O projeto do Louvre Abu Dhabi não é exatamente uma tentativa de levitação do espaço e/ou do ser, mas de proporcionar a sensação de leveza, suspensão e flutuação do domo gigantesco sobre os visitantes. O arquiteto Jean Nouvel apoia esta enorme estrutura em quatro pilares camuflados entre as diversas paredes dos blocos brancos. Dessa forma, ele utiliza menos área de apoio, culminando em menor associação do domo com a base, - é uma retirada de volumes, deixando boa parte da borda do domo em balanço. É o que Lipovetsky diria como “(...) um trabalho de subtração de “peso” que se conquista o belo, o verdadeiro e o essencial” (LIPOVETSKY, 2016, p. 225). A enorme escala da estrutura corrobora com o efeito flutuante ao bloquear as vistas destes pontos de apoio, camuflados entre raios de luz que perpassam pela grande estrutura. Além disso, as salas expositivas são volumes brancos que ampliam a sensação de leveza a partir da cor. A própria forma do domo, curvada em direção ao céu, propicia o esfacelamento da estrutura metálica que ao receber os raios solares os reflete criando uma espécie de névoa de luz interna. Esse efeito de 137
libertação do peso por meio da diluição do peso da estrutura acontece nas catedrais góticas como dito por Lipovetsky: “(...) é seu impulso na direção do céu, dá a impressão de se ter libertado do peso da pedra e da gravidade material” (LIPOVETSKY, 2016, p. 174). Essa diluição na catedral se dá muito pelo efeito da luz perpassando os vitrais multicoloridos e criando um efeito de luminosidade interna. Também com o intuito de gerar leveza a partir da luz, mas por meio da luz artificial, o show do cantor norte-americano Kanye West brinca com princípios básicos de claro e escuro. A estrutura cenográfica, sem estar em ação – ativada no concerto – se apresenta pesada. Vigas metálicas enormes cortam o teto da arena, placas com canhões de luz formam um enorme peso sobre o público. Ao iniciar o show, tudo isso some, ao passo que o ambiente está imergido em escuridão. A luz emanada destas estruturas, que se movimentam lentamente iluminando o espaço, camufla a parafernália pesada que se via antes, tornando-a leve. O cantor está a alguns metros abaixo desta estrutura luminosa flutuante, sobre uma plataforma igualmente iluminada, os fios que sustentam a estrutura do artista se desmancham no ar com a intensidade de luz emanada no espaço. A cena parece até messiânica: um ser sobre uma estrutura flutuante sobre a multidão. Talvez tenha sido este o real intuito, já que o artista já havia dito anteriormente que era um deus. Querendo ou não, a ideia de levitação remete a leveza do ser, e flutuar sobre um espaço é comum na religião. O artista que tem os seus fiéis, fãs, é o “pastor” deste rebanho. Para além da questão da leveza, estes dois projetos utilizam da luz como modelador do espaço, criador de pontos de ação e catarse. Jean Nouvel cria um espaço de passagem e contemplação sob o domo, seja do domo ou dos recortes que dão vista para o mar, a cidade e para outros blocos do museu. Nesse “miolo”, a ação da luz no domo capta a atenção do público, que faz pausa entre as galerias para admirar tal estrutura. A revolução da leveza está duplamente na origem das arquiteturasespetáculos, em razão do papel crucial dos softwares e também pelo impacto das lógicas de comunicação, de marketing e 138
de divertimento, impulsionadas pelo capitalismo da sedução (LIPOVETSKY, 2016, p. 223).

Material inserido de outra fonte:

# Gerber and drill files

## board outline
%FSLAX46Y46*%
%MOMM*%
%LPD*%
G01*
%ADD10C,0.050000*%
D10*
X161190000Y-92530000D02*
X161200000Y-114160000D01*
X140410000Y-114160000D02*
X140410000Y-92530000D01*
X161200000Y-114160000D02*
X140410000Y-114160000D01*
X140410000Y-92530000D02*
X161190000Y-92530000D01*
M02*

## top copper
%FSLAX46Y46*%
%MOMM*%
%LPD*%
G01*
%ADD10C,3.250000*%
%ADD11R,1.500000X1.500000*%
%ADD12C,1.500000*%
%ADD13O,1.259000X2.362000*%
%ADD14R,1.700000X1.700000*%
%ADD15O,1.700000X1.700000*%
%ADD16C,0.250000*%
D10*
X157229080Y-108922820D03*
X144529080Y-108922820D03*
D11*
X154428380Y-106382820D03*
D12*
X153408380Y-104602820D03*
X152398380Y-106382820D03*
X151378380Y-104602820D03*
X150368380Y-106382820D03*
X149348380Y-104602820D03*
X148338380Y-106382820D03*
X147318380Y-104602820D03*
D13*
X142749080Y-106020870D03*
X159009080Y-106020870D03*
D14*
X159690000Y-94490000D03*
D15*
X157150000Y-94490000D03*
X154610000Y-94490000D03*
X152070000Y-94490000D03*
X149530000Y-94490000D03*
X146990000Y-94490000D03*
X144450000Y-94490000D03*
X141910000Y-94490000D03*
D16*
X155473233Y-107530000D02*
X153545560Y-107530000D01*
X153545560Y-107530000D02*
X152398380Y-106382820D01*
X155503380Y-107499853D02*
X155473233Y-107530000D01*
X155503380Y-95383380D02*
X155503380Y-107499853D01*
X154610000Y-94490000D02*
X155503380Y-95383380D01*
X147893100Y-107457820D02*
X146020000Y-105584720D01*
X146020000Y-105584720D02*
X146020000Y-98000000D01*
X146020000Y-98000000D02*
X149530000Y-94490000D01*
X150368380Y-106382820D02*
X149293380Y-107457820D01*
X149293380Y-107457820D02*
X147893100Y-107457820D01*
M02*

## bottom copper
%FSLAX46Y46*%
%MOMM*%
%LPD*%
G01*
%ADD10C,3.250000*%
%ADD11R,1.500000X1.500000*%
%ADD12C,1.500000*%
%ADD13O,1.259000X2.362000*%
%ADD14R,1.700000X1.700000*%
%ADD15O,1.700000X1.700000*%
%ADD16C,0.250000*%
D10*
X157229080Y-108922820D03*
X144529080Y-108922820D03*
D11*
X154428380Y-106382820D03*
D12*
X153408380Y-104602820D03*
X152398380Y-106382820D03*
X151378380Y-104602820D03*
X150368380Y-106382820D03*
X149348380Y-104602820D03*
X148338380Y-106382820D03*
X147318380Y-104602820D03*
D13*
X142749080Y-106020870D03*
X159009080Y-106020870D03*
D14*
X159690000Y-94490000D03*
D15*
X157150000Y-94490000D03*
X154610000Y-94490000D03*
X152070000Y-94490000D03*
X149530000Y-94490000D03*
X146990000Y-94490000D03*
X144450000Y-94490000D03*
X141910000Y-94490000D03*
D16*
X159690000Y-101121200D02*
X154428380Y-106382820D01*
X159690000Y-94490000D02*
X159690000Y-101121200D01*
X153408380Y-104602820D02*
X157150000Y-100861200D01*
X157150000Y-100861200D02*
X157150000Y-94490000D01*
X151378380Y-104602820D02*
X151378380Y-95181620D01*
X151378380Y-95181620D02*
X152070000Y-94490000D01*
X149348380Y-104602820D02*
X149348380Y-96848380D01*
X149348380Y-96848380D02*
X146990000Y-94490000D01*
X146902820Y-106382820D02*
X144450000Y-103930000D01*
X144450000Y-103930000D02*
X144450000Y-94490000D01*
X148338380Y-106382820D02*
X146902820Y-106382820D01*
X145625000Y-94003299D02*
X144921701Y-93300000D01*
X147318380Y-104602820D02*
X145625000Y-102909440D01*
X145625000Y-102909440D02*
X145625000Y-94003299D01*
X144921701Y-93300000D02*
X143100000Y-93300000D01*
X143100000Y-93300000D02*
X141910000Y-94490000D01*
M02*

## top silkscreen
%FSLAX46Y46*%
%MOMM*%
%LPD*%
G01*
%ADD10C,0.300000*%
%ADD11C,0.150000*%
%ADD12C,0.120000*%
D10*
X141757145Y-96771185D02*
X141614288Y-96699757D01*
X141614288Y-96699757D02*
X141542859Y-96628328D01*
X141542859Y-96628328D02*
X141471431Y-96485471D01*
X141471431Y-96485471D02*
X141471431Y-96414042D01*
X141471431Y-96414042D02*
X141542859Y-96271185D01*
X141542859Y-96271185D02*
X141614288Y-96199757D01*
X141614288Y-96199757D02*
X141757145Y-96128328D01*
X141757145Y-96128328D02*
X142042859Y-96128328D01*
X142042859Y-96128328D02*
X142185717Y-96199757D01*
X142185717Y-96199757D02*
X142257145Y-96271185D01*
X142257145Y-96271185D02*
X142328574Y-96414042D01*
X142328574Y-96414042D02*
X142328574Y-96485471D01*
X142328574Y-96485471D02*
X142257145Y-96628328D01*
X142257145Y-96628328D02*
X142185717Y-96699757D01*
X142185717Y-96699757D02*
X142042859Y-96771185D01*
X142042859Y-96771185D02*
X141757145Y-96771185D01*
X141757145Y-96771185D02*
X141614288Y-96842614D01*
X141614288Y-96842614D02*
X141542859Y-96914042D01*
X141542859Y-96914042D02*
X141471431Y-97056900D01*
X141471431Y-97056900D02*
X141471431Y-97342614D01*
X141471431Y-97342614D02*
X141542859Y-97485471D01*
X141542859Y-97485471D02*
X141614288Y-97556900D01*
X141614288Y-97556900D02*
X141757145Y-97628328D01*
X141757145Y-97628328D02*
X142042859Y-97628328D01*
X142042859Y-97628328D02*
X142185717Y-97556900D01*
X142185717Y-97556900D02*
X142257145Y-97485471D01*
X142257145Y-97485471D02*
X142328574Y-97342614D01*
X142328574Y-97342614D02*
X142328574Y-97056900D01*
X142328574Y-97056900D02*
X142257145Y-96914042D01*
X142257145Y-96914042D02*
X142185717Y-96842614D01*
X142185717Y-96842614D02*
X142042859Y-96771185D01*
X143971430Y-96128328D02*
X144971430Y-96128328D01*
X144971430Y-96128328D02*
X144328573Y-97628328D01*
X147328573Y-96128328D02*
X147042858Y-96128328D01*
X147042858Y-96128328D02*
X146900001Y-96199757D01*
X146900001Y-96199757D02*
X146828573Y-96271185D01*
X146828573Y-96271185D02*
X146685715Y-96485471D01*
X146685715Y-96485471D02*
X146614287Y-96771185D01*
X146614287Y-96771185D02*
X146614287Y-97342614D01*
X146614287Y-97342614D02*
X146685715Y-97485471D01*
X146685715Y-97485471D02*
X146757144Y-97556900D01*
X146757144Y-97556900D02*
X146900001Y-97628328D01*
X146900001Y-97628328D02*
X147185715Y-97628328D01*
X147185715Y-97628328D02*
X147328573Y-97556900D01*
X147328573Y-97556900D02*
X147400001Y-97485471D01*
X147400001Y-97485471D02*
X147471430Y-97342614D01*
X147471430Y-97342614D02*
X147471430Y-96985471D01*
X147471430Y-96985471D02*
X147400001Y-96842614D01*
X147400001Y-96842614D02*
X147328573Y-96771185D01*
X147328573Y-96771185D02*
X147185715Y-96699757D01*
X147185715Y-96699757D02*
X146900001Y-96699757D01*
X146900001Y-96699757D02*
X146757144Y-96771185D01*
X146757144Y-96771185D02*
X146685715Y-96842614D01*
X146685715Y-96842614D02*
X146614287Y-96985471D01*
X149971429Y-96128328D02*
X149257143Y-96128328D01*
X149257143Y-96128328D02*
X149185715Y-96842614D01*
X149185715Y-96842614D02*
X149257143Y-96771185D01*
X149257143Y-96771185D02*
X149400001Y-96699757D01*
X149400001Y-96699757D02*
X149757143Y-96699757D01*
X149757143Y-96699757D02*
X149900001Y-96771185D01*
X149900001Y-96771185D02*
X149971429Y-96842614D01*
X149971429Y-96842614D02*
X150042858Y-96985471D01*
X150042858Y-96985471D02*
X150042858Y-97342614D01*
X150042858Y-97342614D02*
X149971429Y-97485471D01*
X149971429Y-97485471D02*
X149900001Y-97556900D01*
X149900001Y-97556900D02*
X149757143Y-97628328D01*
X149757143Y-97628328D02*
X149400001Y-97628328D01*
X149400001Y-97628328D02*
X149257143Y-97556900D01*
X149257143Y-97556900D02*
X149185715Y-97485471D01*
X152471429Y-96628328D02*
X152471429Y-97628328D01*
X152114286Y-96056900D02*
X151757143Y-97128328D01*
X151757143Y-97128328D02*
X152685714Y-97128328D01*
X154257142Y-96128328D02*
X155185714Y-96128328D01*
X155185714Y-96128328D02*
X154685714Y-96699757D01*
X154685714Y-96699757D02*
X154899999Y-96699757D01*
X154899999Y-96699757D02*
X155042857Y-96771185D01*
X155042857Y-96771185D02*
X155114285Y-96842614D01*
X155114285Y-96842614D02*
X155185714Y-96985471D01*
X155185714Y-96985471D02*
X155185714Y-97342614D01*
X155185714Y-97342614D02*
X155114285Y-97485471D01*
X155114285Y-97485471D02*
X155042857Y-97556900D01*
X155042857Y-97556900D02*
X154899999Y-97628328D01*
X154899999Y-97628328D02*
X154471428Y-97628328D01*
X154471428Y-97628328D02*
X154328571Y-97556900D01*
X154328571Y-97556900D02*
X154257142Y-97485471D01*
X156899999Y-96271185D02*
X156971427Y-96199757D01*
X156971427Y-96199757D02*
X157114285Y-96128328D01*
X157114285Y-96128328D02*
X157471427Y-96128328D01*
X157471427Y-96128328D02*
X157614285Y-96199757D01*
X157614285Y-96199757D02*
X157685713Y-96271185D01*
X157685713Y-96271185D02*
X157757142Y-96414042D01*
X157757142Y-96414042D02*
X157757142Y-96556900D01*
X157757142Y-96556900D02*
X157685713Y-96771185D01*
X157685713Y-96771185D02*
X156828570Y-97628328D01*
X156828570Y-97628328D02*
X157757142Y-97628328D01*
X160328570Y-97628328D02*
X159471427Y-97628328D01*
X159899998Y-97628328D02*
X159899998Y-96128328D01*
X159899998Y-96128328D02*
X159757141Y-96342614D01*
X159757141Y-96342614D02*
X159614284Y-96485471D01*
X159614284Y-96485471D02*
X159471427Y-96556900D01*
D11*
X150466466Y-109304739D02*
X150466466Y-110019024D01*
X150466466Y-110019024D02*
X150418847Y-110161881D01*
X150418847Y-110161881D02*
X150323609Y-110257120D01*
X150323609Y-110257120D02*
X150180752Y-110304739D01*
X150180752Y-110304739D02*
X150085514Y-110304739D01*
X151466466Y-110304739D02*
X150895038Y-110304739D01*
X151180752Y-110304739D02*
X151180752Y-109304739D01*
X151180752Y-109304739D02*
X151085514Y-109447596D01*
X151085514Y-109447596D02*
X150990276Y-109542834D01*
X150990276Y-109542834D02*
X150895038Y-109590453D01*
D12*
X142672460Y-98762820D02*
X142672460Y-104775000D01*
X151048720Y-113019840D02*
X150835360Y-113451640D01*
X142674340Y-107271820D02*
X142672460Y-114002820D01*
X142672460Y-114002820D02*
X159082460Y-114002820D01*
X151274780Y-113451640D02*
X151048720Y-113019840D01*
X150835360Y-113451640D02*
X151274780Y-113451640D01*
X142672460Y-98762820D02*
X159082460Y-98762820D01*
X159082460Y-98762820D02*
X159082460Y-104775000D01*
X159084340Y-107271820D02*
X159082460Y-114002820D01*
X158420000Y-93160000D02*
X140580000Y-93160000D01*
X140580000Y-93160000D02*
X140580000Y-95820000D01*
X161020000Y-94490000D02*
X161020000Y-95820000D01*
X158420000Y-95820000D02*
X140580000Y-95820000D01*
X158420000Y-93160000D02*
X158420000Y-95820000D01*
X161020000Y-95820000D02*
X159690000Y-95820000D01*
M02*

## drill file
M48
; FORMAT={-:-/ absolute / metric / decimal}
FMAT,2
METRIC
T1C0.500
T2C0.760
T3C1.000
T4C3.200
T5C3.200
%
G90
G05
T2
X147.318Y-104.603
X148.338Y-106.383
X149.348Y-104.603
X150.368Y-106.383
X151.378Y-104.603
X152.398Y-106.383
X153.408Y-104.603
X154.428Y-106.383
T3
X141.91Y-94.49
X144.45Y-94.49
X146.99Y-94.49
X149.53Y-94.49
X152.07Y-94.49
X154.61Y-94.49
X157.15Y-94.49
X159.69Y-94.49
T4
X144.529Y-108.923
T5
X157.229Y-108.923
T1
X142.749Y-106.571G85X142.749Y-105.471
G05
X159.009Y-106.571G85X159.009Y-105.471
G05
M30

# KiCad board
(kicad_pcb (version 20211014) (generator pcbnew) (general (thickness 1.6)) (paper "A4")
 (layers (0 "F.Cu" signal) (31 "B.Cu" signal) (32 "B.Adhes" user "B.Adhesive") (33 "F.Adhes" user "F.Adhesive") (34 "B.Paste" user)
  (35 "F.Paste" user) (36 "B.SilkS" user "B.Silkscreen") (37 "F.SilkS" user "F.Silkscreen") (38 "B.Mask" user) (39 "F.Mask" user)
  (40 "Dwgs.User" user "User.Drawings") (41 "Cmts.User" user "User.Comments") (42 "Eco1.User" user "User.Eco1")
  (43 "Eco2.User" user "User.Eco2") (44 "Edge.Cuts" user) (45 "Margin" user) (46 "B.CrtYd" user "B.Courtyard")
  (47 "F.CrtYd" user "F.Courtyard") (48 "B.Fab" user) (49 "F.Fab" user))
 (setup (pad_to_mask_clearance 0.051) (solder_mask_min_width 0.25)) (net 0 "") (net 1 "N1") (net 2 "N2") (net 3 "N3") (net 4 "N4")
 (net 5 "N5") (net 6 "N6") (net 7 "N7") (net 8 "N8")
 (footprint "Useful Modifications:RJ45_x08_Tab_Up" (layer "F.Cu") (at 150.6474 109.982)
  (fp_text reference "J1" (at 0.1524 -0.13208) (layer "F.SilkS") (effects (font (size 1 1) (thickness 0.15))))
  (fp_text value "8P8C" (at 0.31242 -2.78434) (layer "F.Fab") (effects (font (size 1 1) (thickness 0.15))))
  (fp_line (start -7.97494 -11.21918) (end -7.97494 -5.207) (layer "F.SilkS") (width 0.12))
  (fp_line (start 0.40132 3.03784) (end 0.18796 3.46964) (layer "F.SilkS") (width 0.12))
  (fp_line (start -7.97306 -2.71018) (end -7.97494 4.02082) (layer "F.SilkS") (width 0.12))
  (fp_line (start -7.97494 4.02082) (end 8.43506 4.02082) (layer "F.SilkS") (width 0.12))
  (fp_line (start 0.62738 3.46964) (end 0.40132 3.03784) (layer "F.SilkS") (width 0.12))
  (fp_line (start 0.18796 3.46964) (end 0.62738 3.46964) (layer "F.SilkS") (width 0.12))
  (fp_line (start -7.97494 -11.21918) (end 8.43506 -11.21918) (layer "F.SilkS") (width 0.12))
  (fp_line (start 8.43506 -11.21918) (end 8.43506 -5.207) (layer "F.SilkS") (width 0.12))
  (fp_line (start 8.43694 -2.71018) (end 8.43506 4.02082) (layer "F.SilkS") (width 0.12))
  (pad "" np_thru_hole circle locked (at 6.58168 -1.05918 180) (size 3.25 3.25) (drill 3.200001) (layers *.Cu *.Mask))
  (pad "" np_thru_hole circle locked (at -6.11832 -1.05918 180) (size 3.25 3.25) (drill 3.2) (layers *.Cu *.Mask))
  (pad "1" thru_hole rect locked (at 3.78098 -3.59918) (size 1.5 1.5) (drill 0.76) (layers *.Cu *.Mask) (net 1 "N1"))
  (pad "2" thru_hole circle locked (at 2.76098 -5.37918) (size 1.5 1.5) (drill 0.76) (layers *.Cu *.Mask) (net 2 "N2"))
  (pad "3" thru_hole circle locked (at 1.75098 -3.59918) (size 1.5 1.5) (drill 0.76) (layers *.Cu *.Mask) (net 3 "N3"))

Essa contemplação do domo se dá justamente pela arquitetura do museu ser espetaculosa, no sentido de midiática, comunicativa e, por que não, cênica. Dá-se também crédito aos novos meios tecnológicos – softwares – que possibilitam cada vez mais a execução e modelagem de estruturas diversas. Outro ponto é a associação do nome Louvre a este espaço, trazendo um peso de importância. Sobre essas arquiteturas espetaculosas Lipovetsky diz: Os novos museus, com formas espetaculares, celebram muito mais o universo do lazer e do divertimento do que a elevação espiritual. Não se trata mais, na civilização da leveza, de criar grandeza, mas de produzir evento e imagem, erguer edifícios capazes de seduzir imediatamente os consumidores, melhorar a imagem da marca das cidades, em competição com as outras. A arquitetura-espetáculo aparece como uma das expressões lúdicomidiáticas do mundo da leveza consumerista (LIPOVETSKY, 2016, p. 224).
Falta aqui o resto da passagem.